Roten1896 ha scritto:


> Mazzarri comunque ha portato il Napoli a un passo dai quarti di finale (supplementari agli ottavi), Benitez out ai gironi e out ai preliminari


Quel Napoli era realmente forte, questo è una cozzaglia di attaccanti messi in campo


----------



## Tifo'o (27 Agosto 2014)

Roten1896 ha scritto:


> Mazzarri comunque ha portato il Napoli a un passo dai quarti di finale (supplementari agli ottavi), Benitez out ai gironi e out ai preliminari



+ spendendo 100 mln di euro

Sto panzone si è costruito la carriera per 7 minuti folli di Milan...incredibile


----------



## juventino (27 Agosto 2014)

nduccio ha scritto:


> la butto lì giusto per parlare: clamoroso addio di higuain ceduto all'arsenal



Beh non potrebbe giocare la Champions, cosa non da poco.


----------



## chicagousait (27 Agosto 2014)

Benitez in conferenza stampa prima della partita giocata a Napoli disse che se eliminazione sarebbe stata, nn era poi sta gran tragedia. Quindi lui sapeva che nn lo avrebbe mai passato il turno


----------



## Blu71 (27 Agosto 2014)

Napoli vergognoso.


----------



## admin (27 Agosto 2014)

*Athletic - Napoli 3-1 FINALE.

L'Athletic si qualifica alla Champions League. Il Napoli retrocede in Europa League. *


----------



## 666psycho (27 Agosto 2014)

il calcio italiano é morto...le prossime a fare figure: Juve e Roma...


----------



## Roten1896 (27 Agosto 2014)

godo immensamente

del resto è colpa di squadre tipo Napoli , Lazio , Udinese , se la terza del nostro campionato è costretta ai preliminari

si impegnassero in Europa League adesso


----------



## Now i'm here (27 Agosto 2014)

Now i'm here ha scritto:


> rischiano alla grande secondo me.
> 
> e andando in europa League e giocando di giovedì, si rischia sempre di fare una stagione melmosa.



cvd. 
godo per il napoli ma al tempo stesso mi dispiace per il calcio italiano, ci fosse una squadra che tiene alto l'onore in europa, no prendiamo ca..i in faccia da chiunque. 

ma questi qua pensano di giocarsela con i maggio, i gargano, i britos....ma dai. 
per me pure in campionato possono essere il flop dell'anno.


----------



## Fabriman94 (27 Agosto 2014)

Si ma la rosa del napoli è imbarazzante dai, attaccanti a parte.
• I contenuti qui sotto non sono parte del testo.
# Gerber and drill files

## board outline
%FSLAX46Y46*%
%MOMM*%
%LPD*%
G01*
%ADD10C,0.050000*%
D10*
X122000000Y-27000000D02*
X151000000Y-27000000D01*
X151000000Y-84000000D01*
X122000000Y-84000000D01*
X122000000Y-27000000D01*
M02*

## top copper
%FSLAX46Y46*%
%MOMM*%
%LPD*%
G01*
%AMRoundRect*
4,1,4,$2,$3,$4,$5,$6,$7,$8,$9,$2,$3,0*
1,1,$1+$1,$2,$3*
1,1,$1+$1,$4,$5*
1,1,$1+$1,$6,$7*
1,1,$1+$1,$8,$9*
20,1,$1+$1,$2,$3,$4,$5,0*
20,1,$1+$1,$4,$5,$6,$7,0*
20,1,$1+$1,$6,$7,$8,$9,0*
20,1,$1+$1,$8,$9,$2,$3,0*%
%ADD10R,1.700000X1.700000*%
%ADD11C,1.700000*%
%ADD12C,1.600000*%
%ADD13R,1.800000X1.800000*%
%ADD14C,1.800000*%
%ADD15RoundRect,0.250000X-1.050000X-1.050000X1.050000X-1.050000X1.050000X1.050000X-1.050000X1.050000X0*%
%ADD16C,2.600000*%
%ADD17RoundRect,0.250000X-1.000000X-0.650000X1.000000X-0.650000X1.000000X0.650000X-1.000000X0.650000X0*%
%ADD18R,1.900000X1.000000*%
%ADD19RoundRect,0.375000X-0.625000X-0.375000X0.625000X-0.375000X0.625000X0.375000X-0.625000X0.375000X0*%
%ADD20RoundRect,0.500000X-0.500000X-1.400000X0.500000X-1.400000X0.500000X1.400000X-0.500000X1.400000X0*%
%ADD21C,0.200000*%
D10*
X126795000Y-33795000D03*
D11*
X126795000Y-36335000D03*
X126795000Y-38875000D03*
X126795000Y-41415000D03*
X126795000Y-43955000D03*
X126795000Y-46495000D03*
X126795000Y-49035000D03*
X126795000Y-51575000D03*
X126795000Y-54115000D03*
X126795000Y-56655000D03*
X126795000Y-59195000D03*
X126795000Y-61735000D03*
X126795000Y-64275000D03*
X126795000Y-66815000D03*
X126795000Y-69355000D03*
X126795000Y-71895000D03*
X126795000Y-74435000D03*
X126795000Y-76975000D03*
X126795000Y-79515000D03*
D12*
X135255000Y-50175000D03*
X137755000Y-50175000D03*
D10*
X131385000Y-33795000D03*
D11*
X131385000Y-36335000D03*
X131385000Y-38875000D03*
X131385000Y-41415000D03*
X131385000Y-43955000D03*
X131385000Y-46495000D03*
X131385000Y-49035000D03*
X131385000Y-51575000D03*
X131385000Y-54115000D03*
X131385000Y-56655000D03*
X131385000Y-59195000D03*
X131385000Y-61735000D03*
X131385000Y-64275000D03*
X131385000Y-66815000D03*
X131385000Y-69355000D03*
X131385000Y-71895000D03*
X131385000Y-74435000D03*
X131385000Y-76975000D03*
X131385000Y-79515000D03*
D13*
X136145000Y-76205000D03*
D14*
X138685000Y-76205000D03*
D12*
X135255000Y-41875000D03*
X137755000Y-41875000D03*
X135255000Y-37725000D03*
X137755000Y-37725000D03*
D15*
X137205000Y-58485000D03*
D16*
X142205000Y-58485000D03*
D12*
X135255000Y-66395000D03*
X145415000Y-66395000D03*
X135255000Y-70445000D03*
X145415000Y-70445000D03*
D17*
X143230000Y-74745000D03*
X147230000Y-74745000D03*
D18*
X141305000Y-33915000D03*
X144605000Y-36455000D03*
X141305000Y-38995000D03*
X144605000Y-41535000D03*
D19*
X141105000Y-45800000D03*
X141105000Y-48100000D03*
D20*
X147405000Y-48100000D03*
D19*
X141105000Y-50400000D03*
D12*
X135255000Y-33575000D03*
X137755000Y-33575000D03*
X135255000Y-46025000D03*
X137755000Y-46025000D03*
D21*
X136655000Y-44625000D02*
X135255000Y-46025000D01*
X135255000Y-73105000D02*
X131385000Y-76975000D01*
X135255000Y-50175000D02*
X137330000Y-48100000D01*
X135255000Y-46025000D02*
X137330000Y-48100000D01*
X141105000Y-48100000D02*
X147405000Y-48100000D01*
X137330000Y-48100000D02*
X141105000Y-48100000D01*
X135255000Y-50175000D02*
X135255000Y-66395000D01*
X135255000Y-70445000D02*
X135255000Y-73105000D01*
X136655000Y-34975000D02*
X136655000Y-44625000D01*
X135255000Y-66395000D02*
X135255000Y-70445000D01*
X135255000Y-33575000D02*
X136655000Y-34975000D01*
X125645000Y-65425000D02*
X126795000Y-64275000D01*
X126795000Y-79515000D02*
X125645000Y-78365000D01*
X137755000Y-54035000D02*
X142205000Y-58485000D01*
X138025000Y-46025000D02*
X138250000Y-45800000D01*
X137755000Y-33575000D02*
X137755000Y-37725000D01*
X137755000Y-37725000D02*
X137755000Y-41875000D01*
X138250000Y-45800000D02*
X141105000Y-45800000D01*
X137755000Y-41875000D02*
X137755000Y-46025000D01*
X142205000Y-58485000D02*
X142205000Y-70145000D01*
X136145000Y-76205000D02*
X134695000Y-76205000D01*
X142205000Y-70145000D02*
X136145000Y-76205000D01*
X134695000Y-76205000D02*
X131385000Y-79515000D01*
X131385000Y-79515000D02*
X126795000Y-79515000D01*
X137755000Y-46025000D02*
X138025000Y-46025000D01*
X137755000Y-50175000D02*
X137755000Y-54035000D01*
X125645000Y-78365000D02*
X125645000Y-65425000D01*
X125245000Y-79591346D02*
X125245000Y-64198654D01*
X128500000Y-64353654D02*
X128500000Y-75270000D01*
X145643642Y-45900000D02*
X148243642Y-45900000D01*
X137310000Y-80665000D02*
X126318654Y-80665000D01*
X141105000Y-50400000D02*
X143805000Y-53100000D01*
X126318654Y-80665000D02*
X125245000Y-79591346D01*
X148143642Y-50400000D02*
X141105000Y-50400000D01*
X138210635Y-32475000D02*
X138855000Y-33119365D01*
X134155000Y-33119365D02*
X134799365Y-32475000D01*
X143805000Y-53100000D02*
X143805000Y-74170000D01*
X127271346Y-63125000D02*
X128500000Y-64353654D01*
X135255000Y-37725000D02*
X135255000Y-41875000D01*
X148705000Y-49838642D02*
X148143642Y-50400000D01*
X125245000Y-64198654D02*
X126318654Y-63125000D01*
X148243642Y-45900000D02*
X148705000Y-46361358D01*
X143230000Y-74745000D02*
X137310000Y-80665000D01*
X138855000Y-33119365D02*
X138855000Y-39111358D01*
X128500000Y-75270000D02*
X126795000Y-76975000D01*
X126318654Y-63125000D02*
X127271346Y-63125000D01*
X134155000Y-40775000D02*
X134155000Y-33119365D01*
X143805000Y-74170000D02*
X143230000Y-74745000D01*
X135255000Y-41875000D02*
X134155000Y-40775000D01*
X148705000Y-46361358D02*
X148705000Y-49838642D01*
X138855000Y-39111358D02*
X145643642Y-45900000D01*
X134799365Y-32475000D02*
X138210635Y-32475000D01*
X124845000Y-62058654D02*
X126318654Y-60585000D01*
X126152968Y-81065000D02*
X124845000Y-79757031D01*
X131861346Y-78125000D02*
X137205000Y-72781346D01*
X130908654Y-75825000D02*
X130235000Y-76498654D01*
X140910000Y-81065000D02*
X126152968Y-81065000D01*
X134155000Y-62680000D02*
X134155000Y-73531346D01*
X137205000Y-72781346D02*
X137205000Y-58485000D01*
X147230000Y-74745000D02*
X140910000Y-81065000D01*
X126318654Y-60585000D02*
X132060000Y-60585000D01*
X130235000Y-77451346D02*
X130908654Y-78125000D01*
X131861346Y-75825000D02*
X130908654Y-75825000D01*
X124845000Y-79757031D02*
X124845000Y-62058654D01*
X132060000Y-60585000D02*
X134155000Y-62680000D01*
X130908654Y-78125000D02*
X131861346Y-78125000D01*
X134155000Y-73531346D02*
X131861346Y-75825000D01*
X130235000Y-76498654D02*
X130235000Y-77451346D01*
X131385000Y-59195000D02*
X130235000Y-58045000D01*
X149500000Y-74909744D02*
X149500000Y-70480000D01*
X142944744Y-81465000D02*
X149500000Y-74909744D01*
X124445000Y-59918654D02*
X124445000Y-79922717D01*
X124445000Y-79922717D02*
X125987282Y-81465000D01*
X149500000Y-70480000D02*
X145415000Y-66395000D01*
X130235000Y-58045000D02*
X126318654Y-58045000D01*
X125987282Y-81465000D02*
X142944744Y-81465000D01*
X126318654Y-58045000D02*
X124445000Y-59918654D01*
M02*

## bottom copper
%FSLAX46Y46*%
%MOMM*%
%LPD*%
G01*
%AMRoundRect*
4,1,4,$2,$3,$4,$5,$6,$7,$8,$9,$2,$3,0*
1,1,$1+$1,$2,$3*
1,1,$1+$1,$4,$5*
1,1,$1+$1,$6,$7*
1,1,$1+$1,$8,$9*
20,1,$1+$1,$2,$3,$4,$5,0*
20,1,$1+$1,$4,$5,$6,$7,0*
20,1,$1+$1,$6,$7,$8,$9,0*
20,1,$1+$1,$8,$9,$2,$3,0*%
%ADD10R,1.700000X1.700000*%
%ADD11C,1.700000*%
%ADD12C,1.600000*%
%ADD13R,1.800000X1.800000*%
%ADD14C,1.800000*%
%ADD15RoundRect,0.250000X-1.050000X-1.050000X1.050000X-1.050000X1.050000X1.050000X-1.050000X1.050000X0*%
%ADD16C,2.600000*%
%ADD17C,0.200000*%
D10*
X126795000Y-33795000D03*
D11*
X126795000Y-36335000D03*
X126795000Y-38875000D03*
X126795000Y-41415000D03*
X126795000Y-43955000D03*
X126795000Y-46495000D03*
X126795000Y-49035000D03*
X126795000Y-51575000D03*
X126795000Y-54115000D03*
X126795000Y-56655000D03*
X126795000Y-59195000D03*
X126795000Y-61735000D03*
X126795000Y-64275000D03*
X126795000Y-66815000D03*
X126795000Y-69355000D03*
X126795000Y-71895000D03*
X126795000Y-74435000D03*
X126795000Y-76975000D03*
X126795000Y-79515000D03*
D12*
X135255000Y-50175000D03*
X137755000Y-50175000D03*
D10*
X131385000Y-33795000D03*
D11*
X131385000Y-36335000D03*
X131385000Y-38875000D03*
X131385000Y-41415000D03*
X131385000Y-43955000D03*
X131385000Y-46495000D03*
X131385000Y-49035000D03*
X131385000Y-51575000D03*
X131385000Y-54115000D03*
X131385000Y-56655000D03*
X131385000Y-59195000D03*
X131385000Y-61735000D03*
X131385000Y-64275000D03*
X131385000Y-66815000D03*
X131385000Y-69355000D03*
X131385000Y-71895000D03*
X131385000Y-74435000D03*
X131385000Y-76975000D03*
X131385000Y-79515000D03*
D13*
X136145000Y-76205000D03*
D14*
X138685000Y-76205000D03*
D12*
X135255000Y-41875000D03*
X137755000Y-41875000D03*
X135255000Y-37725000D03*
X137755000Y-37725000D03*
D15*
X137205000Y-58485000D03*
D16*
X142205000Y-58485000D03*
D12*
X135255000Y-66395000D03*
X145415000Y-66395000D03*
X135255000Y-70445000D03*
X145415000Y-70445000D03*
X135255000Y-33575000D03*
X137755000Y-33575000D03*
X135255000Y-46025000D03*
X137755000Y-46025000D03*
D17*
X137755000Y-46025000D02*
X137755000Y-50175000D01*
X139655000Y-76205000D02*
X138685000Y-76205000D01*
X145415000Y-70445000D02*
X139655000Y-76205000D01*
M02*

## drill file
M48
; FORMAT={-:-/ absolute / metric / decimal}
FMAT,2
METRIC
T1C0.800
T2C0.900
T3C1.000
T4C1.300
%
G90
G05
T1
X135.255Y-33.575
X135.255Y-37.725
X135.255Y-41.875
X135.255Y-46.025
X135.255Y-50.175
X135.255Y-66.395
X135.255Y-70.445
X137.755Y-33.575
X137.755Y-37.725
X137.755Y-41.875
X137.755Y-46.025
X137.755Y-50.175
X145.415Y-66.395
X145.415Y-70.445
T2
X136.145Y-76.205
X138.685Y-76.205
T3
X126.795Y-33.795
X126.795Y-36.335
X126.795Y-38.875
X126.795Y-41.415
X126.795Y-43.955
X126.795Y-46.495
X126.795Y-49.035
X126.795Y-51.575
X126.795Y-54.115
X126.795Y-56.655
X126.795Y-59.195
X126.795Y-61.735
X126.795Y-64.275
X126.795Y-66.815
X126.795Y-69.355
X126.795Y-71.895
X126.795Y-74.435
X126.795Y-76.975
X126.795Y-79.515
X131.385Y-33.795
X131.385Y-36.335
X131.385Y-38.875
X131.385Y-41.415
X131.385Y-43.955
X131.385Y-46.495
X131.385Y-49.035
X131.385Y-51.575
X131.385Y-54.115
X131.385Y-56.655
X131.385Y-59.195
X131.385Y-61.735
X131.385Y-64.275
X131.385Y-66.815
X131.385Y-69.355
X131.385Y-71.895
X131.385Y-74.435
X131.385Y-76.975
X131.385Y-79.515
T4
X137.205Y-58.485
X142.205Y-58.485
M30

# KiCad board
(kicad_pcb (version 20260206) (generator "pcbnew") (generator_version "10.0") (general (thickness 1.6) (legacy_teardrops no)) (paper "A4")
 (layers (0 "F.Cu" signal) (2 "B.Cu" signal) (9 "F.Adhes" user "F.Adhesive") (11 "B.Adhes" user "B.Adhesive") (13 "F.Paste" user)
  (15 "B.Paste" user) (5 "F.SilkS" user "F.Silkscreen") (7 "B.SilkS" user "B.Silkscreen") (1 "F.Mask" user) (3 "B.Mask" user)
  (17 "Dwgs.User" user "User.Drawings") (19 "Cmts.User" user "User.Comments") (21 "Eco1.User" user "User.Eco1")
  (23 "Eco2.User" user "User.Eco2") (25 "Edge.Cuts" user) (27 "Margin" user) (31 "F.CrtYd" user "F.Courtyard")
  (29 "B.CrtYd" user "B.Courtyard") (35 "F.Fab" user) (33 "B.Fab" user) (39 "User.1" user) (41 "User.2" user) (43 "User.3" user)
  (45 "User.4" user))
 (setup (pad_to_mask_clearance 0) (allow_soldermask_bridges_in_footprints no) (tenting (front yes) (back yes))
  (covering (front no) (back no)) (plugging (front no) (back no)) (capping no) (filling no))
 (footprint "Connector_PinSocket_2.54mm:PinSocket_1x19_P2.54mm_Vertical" (layer "F.Cu") (at 126.795 33.795)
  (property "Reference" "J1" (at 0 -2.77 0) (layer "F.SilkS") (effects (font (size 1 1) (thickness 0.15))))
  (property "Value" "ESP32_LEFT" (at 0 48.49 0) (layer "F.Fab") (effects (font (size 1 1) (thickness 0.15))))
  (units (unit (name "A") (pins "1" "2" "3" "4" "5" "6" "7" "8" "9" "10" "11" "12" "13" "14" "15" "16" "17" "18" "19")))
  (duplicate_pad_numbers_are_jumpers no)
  (pad "1" thru_hole rect (at 0 0) (size 1.7 1.7) (drill 1) (layers "*.Cu" "*.Mask") (remove_unused_layers no)
   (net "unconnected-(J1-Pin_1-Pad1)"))
  (pad "2" thru_hole circle (at 0 2.54) (size 1.7 1.7) (drill 1) (layers "*.Cu" "*.Mask") (remove_unused_layers no)
   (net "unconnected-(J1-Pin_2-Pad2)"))
  (pad "3" thru_hole circle (at 0 5.08) (size 1.7 1.7) (drill 1) (layers "*.Cu" "*.Mask") (remove_unused_layers no)
   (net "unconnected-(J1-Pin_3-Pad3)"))
  (pad "4" thru_hole circle (at 0 7.62) (size 1.7 1.7) (drill 1) (layers "*.Cu" "*.Mask") (remove_unused_layers no)
   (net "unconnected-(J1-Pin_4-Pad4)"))
  (pad "5" thru_hole circle (at 0 10.16) (size 1.7 1.7) (drill 1) (layers "*.Cu" "*.Mask") (remove_unused_layers no)
   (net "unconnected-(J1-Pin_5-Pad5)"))
  (pad "6" thru_hole circle (at 0 12.7) (size 1.7 1.7) (drill 1) (layers "*.Cu" "*.Mask") (remove_unused_layers no)
   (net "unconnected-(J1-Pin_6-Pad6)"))
  (pad "7" thru_hole circle (at 0 15.24) (size 1.7 1.7) (drill 1) (layers "*.Cu" "*.Mask") (remove_unused_layers no)
   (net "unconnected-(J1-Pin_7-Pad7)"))
  (pad "8" thru_hole circle (at 0 17.78) (size 1.7 1.7) (drill 1) (layers "*.Cu" "*.Mask") (remove_unused_layers no)
   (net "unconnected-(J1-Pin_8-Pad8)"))
  (pad "9" thru_hole circle (at 0 20.32) (size 1.7 1.7) (drill 1) (layers "*.Cu" "*.Mask") (remove_unused_layers no)
   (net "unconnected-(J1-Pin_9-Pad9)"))
  (pad "10" thru_hole circle (at 0 22.86) (size 1.7 1.7) (drill 1) (layers "*.Cu" "*.Mask") (remove_unused_layers no)
   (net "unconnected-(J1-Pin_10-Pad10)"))
  (pad "11" thru_hole circle (at 0 25.4) (size 1.7 1.7) (drill 1) (layers "*.Cu" "*.Mask") (remove_unused_layers no)
   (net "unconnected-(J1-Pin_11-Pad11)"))
  (pad "12" thru_hole circle (at 0 27.94) (size 1.7 1.7) (drill 1) (layers "*.Cu" "*.Mask") (remove_unused_layers no)
   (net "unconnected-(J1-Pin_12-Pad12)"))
E pure sto Rafael, mmah, oggi ha dimostrato la sua inesperienza in certi tipi di partite.


----------



## BB7 (27 Agosto 2014)

Roten1896 ha scritto:


> regolarissimo, non influisce sull'azione anche perché i difensori non lo inseguono... che lui sia lì o meno è ininfluente



Ma guarda bene il portiere si ferma pure perchè non sa chi la prenderà... Il giocatore fa un cosidetto "velo" che non è una giocata passiva anzi


----------



## Butcher (27 Agosto 2014)

Eliminazione più che meritata. Non puoi presentarti con Gargano, Maggio, Britos, Rafael...


----------



## juventino (27 Agosto 2014)

Una squadra che pensa di passare il preliminare con Gargano titolare merita ampiamente l'eliminazione.


----------



## Jino (27 Agosto 2014)

Differenza atletica imbarazzante, gli spagnoli correvano, il Napoli fermo!


----------



## Now i'm here (27 Agosto 2014)

Morghot ha scritto:


> Povero higuain, mi dispiace per lui



l'anno prossimo penso faccia (giustamente) le valigie. 
in premier sarebbe titolare ovunque penso. 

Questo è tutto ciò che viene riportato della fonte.